Exercise objective —
Word for word, copy every line of the data.

Records to use —
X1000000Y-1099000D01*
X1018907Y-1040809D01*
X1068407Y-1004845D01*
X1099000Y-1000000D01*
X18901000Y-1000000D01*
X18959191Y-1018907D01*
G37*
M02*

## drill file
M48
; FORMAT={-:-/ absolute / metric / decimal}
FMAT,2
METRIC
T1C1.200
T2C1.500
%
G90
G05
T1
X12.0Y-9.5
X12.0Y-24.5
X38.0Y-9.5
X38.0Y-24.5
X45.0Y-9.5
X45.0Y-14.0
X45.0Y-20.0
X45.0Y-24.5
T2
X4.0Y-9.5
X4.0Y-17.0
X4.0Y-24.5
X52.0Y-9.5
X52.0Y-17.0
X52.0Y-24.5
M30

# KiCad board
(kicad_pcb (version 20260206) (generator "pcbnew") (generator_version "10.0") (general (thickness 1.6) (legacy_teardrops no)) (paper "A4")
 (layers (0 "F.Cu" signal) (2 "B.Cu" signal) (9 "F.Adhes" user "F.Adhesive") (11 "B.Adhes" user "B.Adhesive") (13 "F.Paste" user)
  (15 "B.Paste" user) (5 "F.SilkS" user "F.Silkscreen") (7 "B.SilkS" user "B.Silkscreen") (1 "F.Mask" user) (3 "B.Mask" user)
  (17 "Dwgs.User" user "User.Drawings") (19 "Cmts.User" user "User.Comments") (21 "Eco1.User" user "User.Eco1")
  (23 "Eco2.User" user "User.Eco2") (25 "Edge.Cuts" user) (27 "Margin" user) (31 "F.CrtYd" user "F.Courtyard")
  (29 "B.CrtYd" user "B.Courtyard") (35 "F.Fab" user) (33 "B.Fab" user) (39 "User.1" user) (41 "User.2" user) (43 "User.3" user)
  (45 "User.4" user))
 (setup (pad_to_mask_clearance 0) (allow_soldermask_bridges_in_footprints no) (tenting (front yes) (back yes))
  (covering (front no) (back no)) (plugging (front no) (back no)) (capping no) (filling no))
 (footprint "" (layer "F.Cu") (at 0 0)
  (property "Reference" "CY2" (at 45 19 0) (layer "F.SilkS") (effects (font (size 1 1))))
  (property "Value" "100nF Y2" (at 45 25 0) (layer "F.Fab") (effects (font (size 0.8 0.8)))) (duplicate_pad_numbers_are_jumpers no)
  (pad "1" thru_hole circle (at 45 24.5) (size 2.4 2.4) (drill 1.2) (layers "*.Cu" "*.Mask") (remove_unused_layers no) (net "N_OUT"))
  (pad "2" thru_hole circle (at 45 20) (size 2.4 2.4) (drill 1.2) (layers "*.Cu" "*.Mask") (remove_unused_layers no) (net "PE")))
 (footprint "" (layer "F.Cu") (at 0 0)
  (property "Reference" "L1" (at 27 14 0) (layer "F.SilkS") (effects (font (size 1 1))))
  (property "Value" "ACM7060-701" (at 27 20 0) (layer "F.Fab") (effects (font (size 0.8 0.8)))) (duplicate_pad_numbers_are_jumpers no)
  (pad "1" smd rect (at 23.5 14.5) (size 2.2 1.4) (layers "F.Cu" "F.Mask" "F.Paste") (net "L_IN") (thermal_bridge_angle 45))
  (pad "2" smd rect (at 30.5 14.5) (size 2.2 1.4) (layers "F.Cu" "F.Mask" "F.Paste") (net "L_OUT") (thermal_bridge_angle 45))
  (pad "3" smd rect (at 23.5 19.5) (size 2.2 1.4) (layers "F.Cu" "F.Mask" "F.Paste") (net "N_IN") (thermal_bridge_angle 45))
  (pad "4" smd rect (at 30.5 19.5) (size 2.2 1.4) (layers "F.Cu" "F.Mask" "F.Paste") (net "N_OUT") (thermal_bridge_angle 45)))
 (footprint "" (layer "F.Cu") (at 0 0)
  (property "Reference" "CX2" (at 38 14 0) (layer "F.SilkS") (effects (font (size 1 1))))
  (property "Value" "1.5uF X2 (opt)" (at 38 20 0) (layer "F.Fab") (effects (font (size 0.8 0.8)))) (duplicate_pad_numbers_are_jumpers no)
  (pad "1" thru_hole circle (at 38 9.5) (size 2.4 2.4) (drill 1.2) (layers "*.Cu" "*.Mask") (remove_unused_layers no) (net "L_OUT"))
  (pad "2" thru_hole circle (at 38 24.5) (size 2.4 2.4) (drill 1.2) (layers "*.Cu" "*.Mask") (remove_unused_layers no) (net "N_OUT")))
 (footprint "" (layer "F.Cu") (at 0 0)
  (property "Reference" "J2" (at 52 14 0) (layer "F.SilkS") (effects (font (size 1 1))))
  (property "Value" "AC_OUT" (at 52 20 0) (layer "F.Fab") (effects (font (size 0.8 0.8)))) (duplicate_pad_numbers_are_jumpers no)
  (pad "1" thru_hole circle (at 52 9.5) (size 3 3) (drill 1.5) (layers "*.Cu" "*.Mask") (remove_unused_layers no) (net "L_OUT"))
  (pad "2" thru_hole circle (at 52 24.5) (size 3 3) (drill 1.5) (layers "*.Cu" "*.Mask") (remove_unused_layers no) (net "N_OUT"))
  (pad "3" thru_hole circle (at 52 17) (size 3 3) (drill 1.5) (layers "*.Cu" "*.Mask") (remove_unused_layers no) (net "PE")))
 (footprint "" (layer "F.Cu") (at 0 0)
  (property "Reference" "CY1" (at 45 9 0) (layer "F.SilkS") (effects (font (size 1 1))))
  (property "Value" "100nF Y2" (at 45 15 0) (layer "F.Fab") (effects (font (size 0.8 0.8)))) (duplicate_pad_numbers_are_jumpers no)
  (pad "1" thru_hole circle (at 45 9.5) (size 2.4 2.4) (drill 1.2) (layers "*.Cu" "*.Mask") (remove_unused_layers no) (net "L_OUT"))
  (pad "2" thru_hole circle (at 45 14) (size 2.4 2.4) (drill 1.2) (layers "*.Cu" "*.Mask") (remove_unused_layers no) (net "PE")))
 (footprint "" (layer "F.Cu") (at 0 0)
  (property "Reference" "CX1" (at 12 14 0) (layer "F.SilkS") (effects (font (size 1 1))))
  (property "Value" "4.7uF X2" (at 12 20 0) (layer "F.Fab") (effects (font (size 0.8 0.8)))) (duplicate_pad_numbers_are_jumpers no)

Result of this task —
X1000000Y-1099000D01*
X1018907Y-1040809D01*
X1068407Y-1004845D01*
X1099000Y-1000000D01*
X18901000Y-1000000D01*
X18959191Y-1018907D01*
G37*
M02*

## drill file
M48
; FORMAT={-:-/ absolute / metric / decimal}
FMAT,2
METRIC
T1C1.200
T2C1.500
%
G90
G05
T1
X12.0Y-9.5
X12.0Y-24.5
X38.0Y-9.5
X38.0Y-24.5
X45.0Y-9.5
X45.0Y-14.0
X45.0Y-20.0
X45.0Y-24.5
T2
X4.0Y-9.5
X4.0Y-17.0
X4.0Y-24.5
X52.0Y-9.5
X52.0Y-17.0
X52.0Y-24.5
M30

# KiCad board
(kicad_pcb (version 20260206) (generator "pcbnew") (generator_version "10.0") (general (thickness 1.6) (legacy_teardrops no)) (paper "A4")
 (layers (0 "F.Cu" signal) (2 "B.Cu" signal) (9 "F.Adhes" user "F.Adhesive") (11 "B.Adhes" user "B.Adhesive") (13 "F.Paste" user)
  (15 "B.Paste" user) (5 "F.SilkS" user "F.Silkscreen") (7 "B.SilkS" user "B.Silkscreen") (1 "F.Mask" user) (3 "B.Mask" user)
  (17 "Dwgs.User" user "User.Drawings") (19 "Cmts.User" user "User.Comments") (21 "Eco1.User" user "User.Eco1")
  (23 "Eco2.User" user "User.Eco2") (25 "Edge.Cuts" user) (27 "Margin" user) (31 "F.CrtYd" user "F.Courtyard")
  (29 "B.CrtYd" user "B.Courtyard") (35 "F.Fab" user) (33 "B.Fab" user) (39 "User.1" user) (41 "User.2" user) (43 "User.3" user)
  (45 "User.4" user))
 (setup (pad_to_mask_clearance 0) (allow_soldermask_bridges_in_footprints no) (tenting (front yes) (back yes))
  (covering (front no) (back no)) (plugging (front no) (back no)) (capping no) (filling no))
 (footprint "" (layer "F.Cu") (at 0 0)
  (property "Reference" "CY2" (at 45 19 0) (layer "F.SilkS") (effects (font (size 1 1))))
  (property "Value" "100nF Y2" (at 45 25 0) (layer "F.Fab") (effects (font (size 0.8 0.8)))) (duplicate_pad_numbers_are_jumpers no)
  (pad "1" thru_hole circle (at 45 24.5) (size 2.4 2.4) (drill 1.2) (layers "*.Cu" "*.Mask") (remove_unused_layers no) (net "N_OUT"))
  (pad "2" thru_hole circle (at 45 20) (size 2.4 2.4) (drill 1.2) (layers "*.Cu" "*.Mask") (remove_unused_layers no) (net "PE")))
 (footprint "" (layer "F.Cu") (at 0 0)
  (property "Reference" "L1" (at 27 14 0) (layer "F.SilkS") (effects (font (size 1 1))))
  (property "Value" "ACM7060-701" (at 27 20 0) (layer "F.Fab") (effects (font (size 0.8 0.8)))) (duplicate_pad_numbers_are_jumpers no)
  (pad "1" smd rect (at 23.5 14.5) (size 2.2 1.4) (layers "F.Cu" "F.Mask" "F.Paste") (net "L_IN") (thermal_bridge_angle 45))
  (pad "2" smd rect (at 30.5 14.5) (size 2.2 1.4) (layers "F.Cu" "F.Mask" "F.Paste") (net "L_OUT") (thermal_bridge_angle 45))
  (pad "3" smd rect (at 23.5 19.5) (size 2.2 1.4) (layers "F.Cu" "F.Mask" "F.Paste") (net "N_IN") (thermal_bridge_angle 45))
  (pad "4" smd rect (at 30.5 19.5) (size 2.2 1.4) (layers "F.Cu" "F.Mask" "F.Paste") (net "N_OUT") (thermal_bridge_angle 45)))
 (footprint "" (layer "F.Cu") (at 0 0)
  (property "Reference" "CX2" (at 38 14 0) (layer "F.SilkS") (effects (font (size 1 1))))
  (property "Value" "1.5uF X2 (opt)" (at 38 20 0) (layer "F.Fab") (effects (font (size 0.8 0.8)))) (duplicate_pad_numbers_are_jumpers no)
  (pad "1" thru_hole circle (at 38 9.5) (size 2.4 2.4) (drill 1.2) (layers "*.Cu" "*.Mask") (remove_unused_layers no) (net "L_OUT"))
  (pad "2" thru_hole circle (at 38 24.5) (size 2.4 2.4) (drill 1.2) (layers "*.Cu" "*.Mask") (remove_unused_layers no) (net "N_OUT")))
 (footprint "" (layer "F.Cu") (at 0 0)
  (property "Reference" "J2" (at 52 14 0) (layer "F.SilkS") (effects (font (size 1 1))))
  (property "Value" "AC_OUT" (at 52 20 0) (layer "F.Fab") (effects (font (size 0.8 0.8)))) (duplicate_pad_numbers_are_jumpers no)
  (pad "1" thru_hole circle (at 52 9.5) (size 3 3) (drill 1.5) (layers "*.Cu" "*.Mask") (remove_unused_layers no) (net "L_OUT"))
  (pad "2" thru_hole circle (at 52 24.5) (size 3 3) (drill 1.5) (layers "*.Cu" "*.Mask") (remove_unused_layers no) (net "N_OUT"))
  (pad "3" thru_hole circle (at 52 17) (size 3 3) (drill 1.5) (layers "*.Cu" "*.Mask") (remove_unused_layers no) (net "PE")))
 (footprint "" (layer "F.Cu") (at 0 0)
  (property "Reference" "CY1" (at 45 9 0) (layer "F.SilkS") (effects (font (size 1 1))))
  (property "Value" "100nF Y2" (at 45 15 0) (layer "F.Fab") (effects (font (size 0.8 0.8)))) (duplicate_pad_numbers_are_jumpers no)
  (pad "1" thru_hole circle (at 45 9.5) (size 2.4 2.4) (drill 1.2) (layers "*.Cu" "*.Mask") (remove_unused_layers no) (net "L_OUT"))
  (pad "2" thru_hole circle (at 45 14) (size 2.4 2.4) (drill 1.2) (layers "*.Cu" "*.Mask") (remove_unused_layers no) (net "PE")))
 (footprint "" (layer "F.Cu") (at 0 0)
  (property "Reference" "CX1" (at 12 14 0) (layer "F.SilkS") (effects (font (size 1 1))))
  (property "Value" "4.7uF X2" (at 12 20 0) (layer "F.Fab") (effects (font (size 0.8 0.8)))) (duplicate_pad_numbers_are_jumpers no)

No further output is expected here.